··· Data excerpts ···

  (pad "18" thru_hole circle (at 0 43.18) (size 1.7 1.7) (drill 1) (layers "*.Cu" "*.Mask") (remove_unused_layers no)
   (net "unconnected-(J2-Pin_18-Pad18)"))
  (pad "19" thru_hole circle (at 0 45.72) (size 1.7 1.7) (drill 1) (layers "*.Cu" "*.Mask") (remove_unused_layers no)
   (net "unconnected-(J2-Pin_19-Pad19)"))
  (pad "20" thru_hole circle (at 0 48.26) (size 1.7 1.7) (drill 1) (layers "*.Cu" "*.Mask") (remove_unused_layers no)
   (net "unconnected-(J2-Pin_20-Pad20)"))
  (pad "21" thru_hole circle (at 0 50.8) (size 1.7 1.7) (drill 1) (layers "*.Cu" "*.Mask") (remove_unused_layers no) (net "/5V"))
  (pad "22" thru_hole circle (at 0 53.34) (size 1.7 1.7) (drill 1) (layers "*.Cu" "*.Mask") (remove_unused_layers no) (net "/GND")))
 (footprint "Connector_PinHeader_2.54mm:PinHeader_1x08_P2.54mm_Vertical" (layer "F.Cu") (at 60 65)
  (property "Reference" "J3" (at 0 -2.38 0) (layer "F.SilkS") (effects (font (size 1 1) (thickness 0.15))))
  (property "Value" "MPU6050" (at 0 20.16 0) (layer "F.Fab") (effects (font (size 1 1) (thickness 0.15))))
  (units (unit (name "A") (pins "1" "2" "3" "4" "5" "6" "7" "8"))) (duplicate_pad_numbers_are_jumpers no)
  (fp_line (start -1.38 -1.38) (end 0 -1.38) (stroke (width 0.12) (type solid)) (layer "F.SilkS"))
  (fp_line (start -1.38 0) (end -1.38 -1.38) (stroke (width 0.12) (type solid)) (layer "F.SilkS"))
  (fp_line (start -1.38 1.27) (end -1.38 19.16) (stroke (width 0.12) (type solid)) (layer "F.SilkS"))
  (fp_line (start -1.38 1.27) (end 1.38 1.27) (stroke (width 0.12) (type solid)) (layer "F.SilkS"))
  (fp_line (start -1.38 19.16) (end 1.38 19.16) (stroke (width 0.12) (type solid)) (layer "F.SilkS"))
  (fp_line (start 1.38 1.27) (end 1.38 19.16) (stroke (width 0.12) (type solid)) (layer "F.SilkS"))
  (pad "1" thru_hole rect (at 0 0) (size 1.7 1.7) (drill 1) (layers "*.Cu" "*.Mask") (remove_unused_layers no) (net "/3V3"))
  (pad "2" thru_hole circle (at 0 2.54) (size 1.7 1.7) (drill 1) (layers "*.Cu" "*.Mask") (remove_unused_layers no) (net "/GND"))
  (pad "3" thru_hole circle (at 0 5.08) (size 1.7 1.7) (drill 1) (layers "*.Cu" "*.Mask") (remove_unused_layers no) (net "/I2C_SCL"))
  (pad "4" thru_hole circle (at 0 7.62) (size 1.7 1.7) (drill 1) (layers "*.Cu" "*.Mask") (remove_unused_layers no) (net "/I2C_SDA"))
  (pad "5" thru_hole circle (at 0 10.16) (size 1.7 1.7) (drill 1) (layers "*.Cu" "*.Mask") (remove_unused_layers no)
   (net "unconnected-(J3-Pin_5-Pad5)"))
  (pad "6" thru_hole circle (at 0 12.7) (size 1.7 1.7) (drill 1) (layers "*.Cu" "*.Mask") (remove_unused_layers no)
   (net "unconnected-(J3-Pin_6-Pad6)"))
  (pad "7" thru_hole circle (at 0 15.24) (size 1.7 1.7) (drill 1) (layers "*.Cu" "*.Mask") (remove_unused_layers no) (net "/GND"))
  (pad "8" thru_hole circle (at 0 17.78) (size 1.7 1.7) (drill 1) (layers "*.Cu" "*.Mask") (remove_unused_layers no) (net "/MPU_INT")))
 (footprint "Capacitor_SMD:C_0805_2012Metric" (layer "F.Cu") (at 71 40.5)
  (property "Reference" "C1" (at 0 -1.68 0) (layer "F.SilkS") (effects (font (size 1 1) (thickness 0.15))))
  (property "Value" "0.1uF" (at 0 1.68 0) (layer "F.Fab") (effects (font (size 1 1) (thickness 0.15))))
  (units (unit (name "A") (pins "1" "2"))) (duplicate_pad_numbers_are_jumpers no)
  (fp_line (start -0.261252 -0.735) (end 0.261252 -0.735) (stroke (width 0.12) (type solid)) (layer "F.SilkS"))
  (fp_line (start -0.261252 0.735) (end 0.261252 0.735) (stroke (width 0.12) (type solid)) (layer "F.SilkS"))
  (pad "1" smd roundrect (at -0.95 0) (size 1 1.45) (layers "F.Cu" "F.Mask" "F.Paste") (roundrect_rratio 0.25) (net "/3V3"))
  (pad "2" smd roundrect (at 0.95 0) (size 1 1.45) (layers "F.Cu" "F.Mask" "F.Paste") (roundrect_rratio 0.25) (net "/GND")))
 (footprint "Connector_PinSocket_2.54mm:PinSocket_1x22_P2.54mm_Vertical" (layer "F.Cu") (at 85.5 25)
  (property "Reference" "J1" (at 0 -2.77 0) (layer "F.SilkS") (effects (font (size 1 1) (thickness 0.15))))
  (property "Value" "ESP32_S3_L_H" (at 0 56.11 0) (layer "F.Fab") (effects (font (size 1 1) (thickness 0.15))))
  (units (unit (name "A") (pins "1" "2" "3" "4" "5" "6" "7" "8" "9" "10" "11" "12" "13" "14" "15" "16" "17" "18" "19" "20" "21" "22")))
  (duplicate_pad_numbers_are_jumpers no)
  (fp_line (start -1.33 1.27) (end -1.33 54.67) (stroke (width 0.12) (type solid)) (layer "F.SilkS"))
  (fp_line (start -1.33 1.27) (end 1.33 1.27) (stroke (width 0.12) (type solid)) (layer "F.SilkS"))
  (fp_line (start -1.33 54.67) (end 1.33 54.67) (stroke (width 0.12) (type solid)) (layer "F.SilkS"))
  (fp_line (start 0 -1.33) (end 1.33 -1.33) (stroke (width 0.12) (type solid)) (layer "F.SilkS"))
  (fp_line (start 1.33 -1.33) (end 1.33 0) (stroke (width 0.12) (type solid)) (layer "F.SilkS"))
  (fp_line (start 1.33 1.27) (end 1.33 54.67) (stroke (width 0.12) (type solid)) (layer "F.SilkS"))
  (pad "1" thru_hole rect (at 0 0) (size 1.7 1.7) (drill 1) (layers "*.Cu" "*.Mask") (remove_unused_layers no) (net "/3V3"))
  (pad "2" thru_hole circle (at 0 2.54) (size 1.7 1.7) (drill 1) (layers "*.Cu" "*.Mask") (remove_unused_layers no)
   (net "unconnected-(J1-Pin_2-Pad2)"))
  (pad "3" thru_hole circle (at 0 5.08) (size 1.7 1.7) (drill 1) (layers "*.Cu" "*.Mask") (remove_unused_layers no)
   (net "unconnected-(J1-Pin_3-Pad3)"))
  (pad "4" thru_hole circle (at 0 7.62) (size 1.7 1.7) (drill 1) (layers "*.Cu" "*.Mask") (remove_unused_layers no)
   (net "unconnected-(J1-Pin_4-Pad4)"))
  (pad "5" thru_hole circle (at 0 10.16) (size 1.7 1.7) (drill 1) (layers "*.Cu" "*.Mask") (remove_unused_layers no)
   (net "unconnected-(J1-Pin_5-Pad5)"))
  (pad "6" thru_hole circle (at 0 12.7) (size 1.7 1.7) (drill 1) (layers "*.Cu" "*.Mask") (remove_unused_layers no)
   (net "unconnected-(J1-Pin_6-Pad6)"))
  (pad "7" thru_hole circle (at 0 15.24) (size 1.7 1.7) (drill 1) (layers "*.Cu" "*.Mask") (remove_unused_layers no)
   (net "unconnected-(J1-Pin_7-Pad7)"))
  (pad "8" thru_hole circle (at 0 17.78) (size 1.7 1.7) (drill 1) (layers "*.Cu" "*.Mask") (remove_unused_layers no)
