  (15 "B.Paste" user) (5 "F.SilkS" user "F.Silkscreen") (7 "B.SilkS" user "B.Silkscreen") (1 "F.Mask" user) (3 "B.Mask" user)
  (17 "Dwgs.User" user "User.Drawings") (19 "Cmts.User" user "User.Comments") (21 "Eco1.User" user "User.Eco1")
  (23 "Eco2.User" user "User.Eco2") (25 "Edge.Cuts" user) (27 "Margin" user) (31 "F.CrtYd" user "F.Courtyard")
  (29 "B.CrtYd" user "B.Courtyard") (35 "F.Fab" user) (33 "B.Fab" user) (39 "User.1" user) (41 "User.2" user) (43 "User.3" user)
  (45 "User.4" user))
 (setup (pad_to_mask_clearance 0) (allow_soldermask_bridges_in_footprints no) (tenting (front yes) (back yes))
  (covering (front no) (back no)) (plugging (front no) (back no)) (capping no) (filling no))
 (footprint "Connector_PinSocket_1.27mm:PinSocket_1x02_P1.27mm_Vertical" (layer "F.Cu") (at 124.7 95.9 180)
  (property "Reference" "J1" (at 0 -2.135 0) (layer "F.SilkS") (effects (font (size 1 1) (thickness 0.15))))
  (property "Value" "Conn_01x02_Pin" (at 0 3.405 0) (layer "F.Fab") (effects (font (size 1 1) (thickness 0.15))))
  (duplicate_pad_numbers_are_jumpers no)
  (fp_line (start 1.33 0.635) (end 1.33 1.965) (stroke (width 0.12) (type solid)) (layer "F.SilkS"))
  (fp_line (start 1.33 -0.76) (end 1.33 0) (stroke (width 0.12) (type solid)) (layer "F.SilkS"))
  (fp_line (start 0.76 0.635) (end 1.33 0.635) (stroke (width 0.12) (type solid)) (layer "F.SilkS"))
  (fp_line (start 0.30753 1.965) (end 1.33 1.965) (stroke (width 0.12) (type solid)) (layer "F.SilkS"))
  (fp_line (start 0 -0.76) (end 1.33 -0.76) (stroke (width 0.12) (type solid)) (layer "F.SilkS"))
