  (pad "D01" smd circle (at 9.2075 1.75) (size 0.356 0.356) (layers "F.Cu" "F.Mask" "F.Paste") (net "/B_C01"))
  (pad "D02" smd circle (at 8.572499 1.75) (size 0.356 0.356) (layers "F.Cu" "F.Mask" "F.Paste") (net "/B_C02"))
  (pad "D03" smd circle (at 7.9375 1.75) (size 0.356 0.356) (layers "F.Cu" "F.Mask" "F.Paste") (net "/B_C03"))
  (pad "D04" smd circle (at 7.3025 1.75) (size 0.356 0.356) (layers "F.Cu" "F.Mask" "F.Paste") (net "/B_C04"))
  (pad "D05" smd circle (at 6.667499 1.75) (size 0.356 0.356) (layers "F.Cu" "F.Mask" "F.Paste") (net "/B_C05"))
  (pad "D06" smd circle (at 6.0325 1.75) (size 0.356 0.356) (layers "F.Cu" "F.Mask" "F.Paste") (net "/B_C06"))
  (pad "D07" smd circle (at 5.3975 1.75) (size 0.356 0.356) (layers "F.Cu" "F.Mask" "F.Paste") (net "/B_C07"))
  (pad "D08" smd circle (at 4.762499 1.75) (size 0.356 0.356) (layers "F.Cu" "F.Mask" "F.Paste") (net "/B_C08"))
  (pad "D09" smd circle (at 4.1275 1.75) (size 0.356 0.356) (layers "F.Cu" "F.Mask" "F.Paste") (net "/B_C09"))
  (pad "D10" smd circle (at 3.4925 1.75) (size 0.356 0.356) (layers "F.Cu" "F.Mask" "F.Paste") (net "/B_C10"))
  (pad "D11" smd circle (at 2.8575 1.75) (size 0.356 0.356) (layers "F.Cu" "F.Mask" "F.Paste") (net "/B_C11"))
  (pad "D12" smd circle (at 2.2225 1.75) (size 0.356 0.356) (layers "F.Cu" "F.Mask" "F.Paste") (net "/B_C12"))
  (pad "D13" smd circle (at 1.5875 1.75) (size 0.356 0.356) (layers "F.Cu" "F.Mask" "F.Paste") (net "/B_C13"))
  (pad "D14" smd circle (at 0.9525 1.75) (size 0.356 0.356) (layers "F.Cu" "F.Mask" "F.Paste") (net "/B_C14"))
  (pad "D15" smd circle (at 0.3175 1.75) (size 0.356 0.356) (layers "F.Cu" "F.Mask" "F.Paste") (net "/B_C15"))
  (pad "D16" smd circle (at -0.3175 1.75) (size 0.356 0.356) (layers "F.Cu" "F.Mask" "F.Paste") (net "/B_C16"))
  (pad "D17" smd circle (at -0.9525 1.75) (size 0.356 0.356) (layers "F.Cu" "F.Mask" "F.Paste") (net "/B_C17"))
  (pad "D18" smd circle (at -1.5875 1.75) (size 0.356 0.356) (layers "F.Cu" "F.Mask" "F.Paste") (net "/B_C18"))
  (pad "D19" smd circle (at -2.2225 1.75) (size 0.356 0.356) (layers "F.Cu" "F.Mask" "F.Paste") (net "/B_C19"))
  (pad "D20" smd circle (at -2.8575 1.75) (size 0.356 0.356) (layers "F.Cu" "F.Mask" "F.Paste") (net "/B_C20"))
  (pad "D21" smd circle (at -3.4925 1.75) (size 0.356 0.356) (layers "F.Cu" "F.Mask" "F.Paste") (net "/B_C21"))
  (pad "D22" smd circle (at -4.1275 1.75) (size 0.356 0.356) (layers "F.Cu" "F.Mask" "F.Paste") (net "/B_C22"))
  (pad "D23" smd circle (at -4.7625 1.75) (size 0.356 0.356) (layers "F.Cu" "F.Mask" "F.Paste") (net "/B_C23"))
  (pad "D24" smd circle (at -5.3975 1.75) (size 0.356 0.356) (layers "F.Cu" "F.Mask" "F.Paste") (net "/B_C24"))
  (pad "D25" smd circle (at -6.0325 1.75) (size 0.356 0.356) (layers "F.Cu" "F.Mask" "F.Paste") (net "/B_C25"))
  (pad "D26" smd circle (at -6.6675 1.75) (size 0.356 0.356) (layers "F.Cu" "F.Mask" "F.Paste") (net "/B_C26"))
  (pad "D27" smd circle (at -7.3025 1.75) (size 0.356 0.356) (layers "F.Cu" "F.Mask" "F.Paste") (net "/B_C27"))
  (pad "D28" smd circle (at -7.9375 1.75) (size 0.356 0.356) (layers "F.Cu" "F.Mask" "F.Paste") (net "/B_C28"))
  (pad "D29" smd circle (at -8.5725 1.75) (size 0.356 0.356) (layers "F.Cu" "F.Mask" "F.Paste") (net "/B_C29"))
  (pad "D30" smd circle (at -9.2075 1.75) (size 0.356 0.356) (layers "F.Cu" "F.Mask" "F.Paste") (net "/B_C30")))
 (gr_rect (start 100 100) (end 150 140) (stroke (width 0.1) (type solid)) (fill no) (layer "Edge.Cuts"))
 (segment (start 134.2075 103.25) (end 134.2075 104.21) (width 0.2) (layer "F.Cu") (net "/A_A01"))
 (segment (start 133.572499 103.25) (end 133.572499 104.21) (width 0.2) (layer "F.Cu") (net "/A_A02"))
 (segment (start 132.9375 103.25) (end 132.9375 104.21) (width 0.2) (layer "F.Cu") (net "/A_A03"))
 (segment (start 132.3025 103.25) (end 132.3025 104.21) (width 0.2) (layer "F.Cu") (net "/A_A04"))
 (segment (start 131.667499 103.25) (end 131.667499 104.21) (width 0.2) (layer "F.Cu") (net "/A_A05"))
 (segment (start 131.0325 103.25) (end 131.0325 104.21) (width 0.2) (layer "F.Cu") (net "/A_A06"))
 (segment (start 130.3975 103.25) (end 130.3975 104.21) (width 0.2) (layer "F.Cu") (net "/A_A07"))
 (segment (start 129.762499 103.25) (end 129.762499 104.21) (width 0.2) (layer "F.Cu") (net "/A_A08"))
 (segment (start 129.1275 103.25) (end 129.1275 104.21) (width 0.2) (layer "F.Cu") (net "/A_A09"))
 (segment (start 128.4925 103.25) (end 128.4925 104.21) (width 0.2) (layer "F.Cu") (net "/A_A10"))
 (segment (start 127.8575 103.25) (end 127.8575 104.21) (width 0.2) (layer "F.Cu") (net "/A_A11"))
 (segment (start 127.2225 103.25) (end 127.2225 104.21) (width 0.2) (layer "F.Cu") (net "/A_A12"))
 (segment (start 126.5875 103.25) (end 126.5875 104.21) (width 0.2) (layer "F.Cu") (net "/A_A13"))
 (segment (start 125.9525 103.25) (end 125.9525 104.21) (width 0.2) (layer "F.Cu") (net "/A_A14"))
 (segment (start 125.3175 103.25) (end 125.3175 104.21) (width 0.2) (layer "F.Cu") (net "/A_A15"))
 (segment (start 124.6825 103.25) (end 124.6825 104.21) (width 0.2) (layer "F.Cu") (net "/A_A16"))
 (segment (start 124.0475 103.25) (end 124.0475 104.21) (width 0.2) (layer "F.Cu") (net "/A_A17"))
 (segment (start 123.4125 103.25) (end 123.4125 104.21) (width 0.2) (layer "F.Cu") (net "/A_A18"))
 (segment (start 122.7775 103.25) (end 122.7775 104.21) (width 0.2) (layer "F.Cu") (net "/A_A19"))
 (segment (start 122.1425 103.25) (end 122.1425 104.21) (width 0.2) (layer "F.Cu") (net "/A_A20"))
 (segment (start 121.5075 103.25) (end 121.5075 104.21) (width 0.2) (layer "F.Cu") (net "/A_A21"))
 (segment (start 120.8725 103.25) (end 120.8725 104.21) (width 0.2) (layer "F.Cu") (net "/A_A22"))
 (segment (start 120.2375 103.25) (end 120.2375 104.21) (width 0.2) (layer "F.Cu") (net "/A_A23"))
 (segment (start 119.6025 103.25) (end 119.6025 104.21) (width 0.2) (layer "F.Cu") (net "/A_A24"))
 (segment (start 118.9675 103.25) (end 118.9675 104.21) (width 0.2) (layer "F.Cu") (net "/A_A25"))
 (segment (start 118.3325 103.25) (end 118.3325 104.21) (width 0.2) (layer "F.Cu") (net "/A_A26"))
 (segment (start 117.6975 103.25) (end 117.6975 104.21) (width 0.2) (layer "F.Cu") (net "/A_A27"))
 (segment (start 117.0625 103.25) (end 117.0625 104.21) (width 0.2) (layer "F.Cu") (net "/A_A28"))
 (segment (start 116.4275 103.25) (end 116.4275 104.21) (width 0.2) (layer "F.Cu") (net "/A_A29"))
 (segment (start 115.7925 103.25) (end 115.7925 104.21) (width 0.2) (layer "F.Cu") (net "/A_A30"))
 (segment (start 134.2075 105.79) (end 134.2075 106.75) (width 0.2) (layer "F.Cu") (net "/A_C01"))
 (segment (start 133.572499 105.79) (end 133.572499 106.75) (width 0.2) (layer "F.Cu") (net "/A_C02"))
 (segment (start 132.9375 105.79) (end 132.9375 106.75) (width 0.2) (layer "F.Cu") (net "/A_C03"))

···

What the exercise asks
From the records above, extract exactly and only the lines that begin at the line with "circle (at -0.3175" and stop after the line with "circle (at -2.2225".

Answer space
  (pad "D16" smd circle (at -0.3175 1.75) (size 0.356 0.356) (layers "F.Cu" "F.Mask" "F.Paste") (net "/B_C16"))
  (pad "D17" smd circle (at -0.9525 1.75) (size 0.356 0.356) (layers "F.Cu" "F.Mask" "F.Paste") (net "/B_C17"))
  (pad "D18" smd circle (at -1.5875 1.75) (size 0.356 0.356) (layers "F.Cu" "F.Mask" "F.Paste") (net "/B_C18"))
  (pad "D19" smd circle (at -2.2225 1.75) (size 0.356 0.356) (layers "F.Cu" "F.Mask" "F.Paste") (net "/B_C19"))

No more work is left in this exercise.